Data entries
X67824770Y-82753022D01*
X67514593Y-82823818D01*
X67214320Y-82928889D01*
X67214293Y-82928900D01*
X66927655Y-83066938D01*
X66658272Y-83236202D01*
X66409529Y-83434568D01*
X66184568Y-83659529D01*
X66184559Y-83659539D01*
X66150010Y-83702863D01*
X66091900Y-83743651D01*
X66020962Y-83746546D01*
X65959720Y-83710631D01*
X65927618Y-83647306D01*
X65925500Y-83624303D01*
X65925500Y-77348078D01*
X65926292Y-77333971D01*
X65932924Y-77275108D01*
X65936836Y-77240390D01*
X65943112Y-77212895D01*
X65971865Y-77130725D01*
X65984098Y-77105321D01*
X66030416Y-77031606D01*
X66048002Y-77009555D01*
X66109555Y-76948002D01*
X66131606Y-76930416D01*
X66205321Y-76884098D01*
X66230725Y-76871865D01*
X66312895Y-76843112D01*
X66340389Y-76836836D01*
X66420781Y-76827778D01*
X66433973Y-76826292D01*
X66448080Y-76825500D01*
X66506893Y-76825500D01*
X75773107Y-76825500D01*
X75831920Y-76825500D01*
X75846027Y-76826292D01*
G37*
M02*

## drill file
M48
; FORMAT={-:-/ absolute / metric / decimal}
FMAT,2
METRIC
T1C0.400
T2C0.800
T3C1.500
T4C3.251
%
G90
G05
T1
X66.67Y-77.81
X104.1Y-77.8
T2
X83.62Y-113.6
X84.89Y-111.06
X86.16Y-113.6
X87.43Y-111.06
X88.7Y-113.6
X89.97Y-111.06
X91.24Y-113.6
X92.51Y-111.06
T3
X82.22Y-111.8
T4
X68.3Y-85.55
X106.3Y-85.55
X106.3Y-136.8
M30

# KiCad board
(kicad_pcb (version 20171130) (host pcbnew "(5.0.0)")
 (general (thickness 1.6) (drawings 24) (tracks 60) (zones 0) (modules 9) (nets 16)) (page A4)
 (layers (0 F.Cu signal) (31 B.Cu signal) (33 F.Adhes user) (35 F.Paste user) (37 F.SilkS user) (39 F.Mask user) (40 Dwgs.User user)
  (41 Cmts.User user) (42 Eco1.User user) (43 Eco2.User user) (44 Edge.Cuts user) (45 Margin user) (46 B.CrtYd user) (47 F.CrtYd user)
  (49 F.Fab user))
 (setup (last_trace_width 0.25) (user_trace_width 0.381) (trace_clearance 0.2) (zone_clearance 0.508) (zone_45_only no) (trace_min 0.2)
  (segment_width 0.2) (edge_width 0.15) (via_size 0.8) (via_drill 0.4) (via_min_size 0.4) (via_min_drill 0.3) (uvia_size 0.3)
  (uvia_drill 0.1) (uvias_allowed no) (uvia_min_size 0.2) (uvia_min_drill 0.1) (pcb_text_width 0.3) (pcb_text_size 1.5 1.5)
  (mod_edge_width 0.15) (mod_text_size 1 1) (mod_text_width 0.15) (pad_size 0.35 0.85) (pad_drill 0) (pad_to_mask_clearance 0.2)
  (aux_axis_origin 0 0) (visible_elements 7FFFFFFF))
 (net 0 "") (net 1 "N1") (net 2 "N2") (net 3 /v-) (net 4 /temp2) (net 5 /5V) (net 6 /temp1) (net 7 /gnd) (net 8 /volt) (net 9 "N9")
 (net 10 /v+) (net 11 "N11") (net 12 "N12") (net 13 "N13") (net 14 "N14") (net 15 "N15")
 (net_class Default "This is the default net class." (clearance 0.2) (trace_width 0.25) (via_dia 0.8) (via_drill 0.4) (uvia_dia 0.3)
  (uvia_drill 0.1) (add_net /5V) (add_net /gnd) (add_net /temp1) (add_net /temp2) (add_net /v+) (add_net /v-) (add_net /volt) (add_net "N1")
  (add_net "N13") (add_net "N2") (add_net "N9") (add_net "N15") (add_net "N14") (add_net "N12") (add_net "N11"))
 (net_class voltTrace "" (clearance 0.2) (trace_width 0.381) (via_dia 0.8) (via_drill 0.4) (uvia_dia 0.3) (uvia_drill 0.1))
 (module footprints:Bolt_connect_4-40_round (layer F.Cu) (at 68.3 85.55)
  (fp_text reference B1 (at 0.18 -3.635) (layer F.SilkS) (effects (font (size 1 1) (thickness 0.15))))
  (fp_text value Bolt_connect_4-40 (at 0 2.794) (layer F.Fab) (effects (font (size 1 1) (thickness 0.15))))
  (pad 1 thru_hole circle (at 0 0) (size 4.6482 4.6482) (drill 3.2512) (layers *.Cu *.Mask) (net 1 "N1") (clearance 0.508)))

◆ **Task to carry out**: Restate word for word only the lines running from the beginning of the data to the line holding "X66020962Y-83746546D01*", both included.

◆ **Result for this exercise**:
X67824770Y-82753022D01*
X67514593Y-82823818D01*
X67214320Y-82928889D01*
X67214293Y-82928900D01*
X66927655Y-83066938D01*
X66658272Y-83236202D01*
X66409529Y-83434568D01*
X66184568Y-83659529D01*
X66184559Y-83659539D01*
X66150010Y-83702863D01*
X66091900Y-83743651D01*
X66020962Y-83746546D01*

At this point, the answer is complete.